• ASSIGNED TASK: Take the records below and retype them line by line, from the first line through the one containing "X76200000Y-25400000D02*"; stop there.

(Collected data)
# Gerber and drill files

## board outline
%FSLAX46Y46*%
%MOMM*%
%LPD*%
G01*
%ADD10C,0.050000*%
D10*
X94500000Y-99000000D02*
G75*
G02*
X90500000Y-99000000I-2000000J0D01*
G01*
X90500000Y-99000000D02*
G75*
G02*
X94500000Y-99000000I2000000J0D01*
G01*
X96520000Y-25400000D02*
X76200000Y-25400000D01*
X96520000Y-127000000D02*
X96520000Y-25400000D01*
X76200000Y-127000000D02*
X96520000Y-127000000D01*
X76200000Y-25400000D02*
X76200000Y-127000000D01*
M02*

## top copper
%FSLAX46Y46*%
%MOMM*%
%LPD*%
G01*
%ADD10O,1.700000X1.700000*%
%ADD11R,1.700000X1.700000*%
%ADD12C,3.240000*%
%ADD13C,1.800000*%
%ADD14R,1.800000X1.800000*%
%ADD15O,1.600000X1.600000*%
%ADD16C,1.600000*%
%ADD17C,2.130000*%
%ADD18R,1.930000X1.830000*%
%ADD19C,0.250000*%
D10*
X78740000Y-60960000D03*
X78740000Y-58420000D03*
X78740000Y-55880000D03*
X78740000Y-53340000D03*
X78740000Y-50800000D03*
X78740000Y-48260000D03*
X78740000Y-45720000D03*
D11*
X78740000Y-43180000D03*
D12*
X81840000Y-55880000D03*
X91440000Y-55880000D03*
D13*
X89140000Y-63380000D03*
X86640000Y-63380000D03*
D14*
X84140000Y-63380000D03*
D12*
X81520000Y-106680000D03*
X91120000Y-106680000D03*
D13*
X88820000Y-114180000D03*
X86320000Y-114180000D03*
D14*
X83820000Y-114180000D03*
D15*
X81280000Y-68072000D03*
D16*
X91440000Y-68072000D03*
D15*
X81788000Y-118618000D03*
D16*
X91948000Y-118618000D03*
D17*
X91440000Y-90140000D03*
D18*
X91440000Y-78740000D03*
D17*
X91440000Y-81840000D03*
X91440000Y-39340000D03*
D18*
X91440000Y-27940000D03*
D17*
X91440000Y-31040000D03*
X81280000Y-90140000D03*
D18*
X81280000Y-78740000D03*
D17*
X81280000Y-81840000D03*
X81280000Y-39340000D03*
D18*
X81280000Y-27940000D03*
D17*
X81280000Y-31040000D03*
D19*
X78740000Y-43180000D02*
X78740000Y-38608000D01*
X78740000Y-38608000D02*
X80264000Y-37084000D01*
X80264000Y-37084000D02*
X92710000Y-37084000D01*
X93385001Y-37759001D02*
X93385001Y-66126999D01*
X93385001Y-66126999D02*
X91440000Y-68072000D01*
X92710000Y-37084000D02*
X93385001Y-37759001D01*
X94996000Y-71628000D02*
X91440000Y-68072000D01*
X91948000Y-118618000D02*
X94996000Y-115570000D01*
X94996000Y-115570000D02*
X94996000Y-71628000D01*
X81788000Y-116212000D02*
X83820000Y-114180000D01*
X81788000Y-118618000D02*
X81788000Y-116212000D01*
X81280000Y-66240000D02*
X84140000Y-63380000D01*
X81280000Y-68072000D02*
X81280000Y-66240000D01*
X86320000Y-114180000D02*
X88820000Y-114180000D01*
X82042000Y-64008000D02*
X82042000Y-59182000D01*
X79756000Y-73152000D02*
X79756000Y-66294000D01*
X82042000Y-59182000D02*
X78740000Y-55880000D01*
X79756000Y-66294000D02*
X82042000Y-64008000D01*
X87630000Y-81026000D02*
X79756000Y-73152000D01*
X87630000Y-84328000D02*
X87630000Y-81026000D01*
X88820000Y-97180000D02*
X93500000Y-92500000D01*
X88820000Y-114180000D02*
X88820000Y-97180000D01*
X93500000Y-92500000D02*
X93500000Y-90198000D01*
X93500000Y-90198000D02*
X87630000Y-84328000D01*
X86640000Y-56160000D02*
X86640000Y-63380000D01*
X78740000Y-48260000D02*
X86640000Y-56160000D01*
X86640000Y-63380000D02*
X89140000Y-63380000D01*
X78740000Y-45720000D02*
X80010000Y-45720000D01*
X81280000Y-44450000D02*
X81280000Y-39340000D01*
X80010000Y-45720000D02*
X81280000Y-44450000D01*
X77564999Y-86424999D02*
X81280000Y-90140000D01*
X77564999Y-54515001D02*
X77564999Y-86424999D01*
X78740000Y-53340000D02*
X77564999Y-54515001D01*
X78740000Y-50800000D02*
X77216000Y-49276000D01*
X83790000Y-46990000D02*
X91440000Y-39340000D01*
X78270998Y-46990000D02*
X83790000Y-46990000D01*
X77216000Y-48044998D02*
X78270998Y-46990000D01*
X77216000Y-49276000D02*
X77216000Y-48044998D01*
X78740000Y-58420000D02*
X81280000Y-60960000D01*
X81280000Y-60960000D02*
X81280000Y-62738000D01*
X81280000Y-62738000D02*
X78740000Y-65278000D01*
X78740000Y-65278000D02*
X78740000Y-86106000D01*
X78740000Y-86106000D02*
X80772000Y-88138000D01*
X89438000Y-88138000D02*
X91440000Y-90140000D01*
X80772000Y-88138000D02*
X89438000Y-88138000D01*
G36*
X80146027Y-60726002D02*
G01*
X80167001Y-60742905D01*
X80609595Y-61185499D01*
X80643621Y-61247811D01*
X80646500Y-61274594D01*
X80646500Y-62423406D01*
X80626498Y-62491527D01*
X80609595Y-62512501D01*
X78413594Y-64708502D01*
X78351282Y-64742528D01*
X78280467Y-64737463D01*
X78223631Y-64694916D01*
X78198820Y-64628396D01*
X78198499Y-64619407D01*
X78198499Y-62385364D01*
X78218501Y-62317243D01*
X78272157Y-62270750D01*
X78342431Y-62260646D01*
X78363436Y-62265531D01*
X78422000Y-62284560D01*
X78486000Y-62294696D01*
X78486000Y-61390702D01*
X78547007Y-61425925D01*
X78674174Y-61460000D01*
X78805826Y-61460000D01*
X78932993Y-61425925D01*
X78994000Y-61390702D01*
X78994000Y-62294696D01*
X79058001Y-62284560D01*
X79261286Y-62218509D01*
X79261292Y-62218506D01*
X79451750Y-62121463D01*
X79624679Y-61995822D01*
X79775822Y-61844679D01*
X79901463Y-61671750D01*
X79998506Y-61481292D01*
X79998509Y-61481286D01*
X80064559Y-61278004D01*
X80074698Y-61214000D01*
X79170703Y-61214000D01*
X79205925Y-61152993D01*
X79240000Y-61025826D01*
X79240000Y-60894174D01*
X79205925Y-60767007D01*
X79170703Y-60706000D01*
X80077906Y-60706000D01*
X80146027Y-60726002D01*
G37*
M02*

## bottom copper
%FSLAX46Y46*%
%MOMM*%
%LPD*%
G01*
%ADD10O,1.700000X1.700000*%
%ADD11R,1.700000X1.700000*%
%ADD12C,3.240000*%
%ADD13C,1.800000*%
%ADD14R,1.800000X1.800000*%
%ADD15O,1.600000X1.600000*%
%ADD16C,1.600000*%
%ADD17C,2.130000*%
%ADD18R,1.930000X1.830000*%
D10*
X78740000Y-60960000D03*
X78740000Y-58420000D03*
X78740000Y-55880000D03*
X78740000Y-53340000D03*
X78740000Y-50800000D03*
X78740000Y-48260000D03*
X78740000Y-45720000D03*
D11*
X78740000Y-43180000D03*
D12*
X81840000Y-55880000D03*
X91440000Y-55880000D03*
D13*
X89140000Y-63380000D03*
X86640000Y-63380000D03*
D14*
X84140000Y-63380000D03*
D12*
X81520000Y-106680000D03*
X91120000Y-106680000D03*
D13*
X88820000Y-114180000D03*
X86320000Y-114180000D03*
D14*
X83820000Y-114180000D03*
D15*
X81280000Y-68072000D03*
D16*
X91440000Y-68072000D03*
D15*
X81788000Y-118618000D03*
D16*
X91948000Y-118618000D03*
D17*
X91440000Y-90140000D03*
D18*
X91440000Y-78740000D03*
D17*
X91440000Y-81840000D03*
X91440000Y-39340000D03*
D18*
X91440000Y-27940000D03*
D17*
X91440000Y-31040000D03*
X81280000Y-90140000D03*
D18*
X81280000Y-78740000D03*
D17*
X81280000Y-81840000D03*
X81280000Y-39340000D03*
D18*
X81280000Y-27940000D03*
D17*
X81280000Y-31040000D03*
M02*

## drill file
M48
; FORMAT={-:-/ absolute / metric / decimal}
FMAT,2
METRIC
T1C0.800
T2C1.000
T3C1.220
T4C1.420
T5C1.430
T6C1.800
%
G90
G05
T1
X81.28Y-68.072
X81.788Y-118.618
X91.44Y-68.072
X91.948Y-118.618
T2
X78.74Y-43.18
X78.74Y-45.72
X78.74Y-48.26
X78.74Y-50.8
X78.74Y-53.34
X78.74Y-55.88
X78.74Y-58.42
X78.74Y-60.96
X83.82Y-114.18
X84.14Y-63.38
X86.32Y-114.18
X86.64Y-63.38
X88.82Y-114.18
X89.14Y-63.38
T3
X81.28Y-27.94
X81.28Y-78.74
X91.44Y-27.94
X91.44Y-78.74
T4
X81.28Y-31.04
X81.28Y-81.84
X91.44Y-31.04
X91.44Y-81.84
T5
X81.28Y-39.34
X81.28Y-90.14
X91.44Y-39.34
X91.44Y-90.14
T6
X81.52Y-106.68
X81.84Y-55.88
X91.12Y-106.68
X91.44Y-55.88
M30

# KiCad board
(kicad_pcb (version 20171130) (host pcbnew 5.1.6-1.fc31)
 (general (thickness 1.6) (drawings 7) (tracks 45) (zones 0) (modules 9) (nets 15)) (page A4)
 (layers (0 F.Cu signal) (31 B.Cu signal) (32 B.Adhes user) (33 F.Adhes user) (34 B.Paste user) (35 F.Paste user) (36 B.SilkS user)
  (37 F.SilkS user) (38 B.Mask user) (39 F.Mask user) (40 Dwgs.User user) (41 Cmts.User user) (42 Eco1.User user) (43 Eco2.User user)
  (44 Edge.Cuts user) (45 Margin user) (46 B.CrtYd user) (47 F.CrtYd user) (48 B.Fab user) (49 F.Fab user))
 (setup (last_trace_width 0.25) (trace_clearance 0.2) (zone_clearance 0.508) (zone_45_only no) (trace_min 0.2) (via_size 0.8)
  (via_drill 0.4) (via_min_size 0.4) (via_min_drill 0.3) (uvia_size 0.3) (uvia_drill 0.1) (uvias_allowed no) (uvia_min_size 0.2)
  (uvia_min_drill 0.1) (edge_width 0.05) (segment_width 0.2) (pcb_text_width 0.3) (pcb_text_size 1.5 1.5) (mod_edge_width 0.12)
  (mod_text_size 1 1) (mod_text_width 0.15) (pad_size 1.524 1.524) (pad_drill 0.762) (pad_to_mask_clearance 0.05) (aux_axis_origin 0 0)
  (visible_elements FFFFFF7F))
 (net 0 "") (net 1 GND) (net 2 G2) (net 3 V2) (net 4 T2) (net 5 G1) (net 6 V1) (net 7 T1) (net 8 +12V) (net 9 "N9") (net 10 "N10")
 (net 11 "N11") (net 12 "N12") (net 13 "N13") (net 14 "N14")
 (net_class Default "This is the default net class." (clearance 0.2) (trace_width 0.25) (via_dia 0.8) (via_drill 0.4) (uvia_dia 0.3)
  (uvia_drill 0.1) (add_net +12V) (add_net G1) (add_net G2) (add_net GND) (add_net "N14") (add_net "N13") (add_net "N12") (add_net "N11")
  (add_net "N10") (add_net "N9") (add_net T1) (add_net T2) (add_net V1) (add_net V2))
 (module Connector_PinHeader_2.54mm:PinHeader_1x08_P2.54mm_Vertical (layer F.Cu) (at 78.74 43.18)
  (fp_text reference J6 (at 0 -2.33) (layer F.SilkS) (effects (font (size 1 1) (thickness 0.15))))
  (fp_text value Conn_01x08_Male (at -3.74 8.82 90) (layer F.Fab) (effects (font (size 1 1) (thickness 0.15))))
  (pad 8 thru_hole oval (at 0 17.78) (size 1.7 1.7) (drill 1) (layers *.Cu *.Mask) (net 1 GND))
  (pad 7 thru_hole oval (at 0 15.24) (size 1.7 1.7) (drill 1) (layers *.Cu *.Mask) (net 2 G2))
  (pad 6 thru_hole oval (at 0 12.7) (size 1.7 1.7) (drill 1) (layers *.Cu *.Mask) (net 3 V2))
  (pad 5 thru_hole oval (at 0 10.16) (size 1.7 1.7) (drill 1) (layers *.Cu *.Mask) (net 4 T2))
  (pad 4 thru_hole oval (at 0 7.62) (size 1.7 1.7) (drill 1) (layers *.Cu *.Mask) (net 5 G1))
  (pad 3 thru_hole oval (at 0 5.08) (size 1.7 1.7) (drill 1) (layers *.Cu *.Mask) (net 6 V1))
  (pad 2 thru_hole oval (at 0 2.54) (size 1.7 1.7) (drill 1) (layers *.Cu *.Mask) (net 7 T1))
  (pad 1 thru_hole rect (at 0 0) (size 1.7 1.7) (drill 1) (layers *.Cu *.Mask) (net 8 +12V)))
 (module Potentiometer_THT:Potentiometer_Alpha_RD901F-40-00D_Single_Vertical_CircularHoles (layer F.Cu) (at 84.14 63.38 90)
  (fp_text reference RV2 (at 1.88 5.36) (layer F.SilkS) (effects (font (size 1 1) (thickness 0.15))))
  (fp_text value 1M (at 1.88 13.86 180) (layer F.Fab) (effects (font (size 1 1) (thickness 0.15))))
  (pad "" thru_hole circle (at 7.5 -2.3 180) (size 3.24 3.24) (drill 1.8) (layers *.Cu *.Mask))
  (pad "" thru_hole circle (at 7.5 7.3 180) (size 3.24 3.24) (drill 1.8) (layers *.Cu *.Mask))
  (pad 3 thru_hole circle (at 0 5 180) (size 1.8 1.8) (drill 1) (layers *.Cu *.Mask) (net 6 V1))
  (pad 2 thru_hole circle (at 0 2.5 180) (size 1.8 1.8) (drill 1) (layers *.Cu *.Mask) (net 6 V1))
  (pad 1 thru_hole rect (at 0 0 180) (size 1.8 1.8) (drill 1) (layers *.Cu *.Mask) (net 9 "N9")))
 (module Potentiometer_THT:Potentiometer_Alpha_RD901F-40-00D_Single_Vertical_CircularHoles (layer F.Cu) (at 83.82 114.18 90)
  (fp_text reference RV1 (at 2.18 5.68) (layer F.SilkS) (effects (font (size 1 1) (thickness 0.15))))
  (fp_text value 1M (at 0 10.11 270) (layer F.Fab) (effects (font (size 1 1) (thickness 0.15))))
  (pad "" thru_hole circle (at 7.5 -2.3 180) (size 3.24 3.24) (drill 1.8) (layers *.Cu *.Mask))
  (pad "" thru_hole circle (at 7.5 7.3 180) (size 3.24 3.24) (drill 1.8) (layers *.Cu *.Mask))
  (pad 3 thru_hole circle (at 0 5 180) (size 1.8 1.8) (drill 1) (layers *.Cu *.Mask) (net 3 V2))
  (pad 2 thru_hole circle (at 0 2.5 180) (size 1.8 1.8) (drill 1) (layers *.Cu *.Mask) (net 3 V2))
  (pad 1 thru_hole rect (at 0 0 180) (size 1.8 1.8) (drill 1) (layers *.Cu *.Mask) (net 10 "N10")))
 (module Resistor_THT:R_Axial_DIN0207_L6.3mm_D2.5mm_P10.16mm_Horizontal (layer F.Cu) (at 91.44 68.072 180)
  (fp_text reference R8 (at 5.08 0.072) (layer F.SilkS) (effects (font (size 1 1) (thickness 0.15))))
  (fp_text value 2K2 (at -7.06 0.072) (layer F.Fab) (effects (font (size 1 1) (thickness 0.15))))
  (pad 2 thru_hole oval (at 10.16 0 180) (size 1.6 1.6) (drill 0.8) (layers *.Cu *.Mask) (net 9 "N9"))
  (pad 1 thru_hole circle (at 0 0 180) (size 1.6 1.6) (drill 0.8) (layers *.Cu *.Mask) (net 8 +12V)))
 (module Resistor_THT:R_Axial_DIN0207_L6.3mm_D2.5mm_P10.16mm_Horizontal (layer F.Cu) (at 91.948 118.618 180)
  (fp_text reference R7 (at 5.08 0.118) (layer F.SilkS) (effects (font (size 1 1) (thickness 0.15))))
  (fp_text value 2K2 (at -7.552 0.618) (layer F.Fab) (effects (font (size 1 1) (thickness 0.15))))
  (pad 2 thru_hole oval (at 10.16 0 180) (size 1.6 1.6) (drill 0.8) (layers *.Cu *.Mask) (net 10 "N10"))
  (pad 1 thru_hole circle (at 0 0 180) (size 1.6 1.6) (drill 0.8) (layers *.Cu *.Mask) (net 8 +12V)))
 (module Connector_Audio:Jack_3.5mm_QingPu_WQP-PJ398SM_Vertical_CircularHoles (layer F.Cu) (at 91.44 78.74)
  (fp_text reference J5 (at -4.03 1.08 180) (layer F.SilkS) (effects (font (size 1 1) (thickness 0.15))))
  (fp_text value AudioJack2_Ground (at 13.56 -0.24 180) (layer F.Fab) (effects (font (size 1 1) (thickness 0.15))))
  (pad T thru_hole circle (at 0 11.4 180) (size 2.13 2.13) (drill 1.43) (layers *.Cu *.Mask) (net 2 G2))
  (pad S thru_hole rect (at 0 0 180) (size 1.93 1.83) (drill 1.22) (layers *.Cu *.Mask) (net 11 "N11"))
  (pad TN thru_hole circle (at 0 3.1 180) (size 2.13 2.13) (drill 1.42) (layers *.Cu *.Mask)))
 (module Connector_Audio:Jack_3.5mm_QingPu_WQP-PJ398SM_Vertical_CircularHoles (layer F.Cu) (at 91.44 27.94)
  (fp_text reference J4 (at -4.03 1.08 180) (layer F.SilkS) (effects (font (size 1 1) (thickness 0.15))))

• EXPECTED OUTPUT:
# Gerber and drill files

## board outline
%FSLAX46Y46*%
%MOMM*%
%LPD*%
G01*
%ADD10C,0.050000*%
D10*
X94500000Y-99000000D02*
G75*
G02*
X90500000Y-99000000I-2000000J0D01*
G01*
X90500000Y-99000000D02*
G75*
G02*
X94500000Y-99000000I2000000J0D01*
G01*
X96520000Y-25400000D02*
X76200000Y-25400000D01*
X96520000Y-127000000D02*
X96520000Y-25400000D01*
X76200000Y-127000000D02*
X96520000Y-127000000D01*
X76200000Y-25400000D02*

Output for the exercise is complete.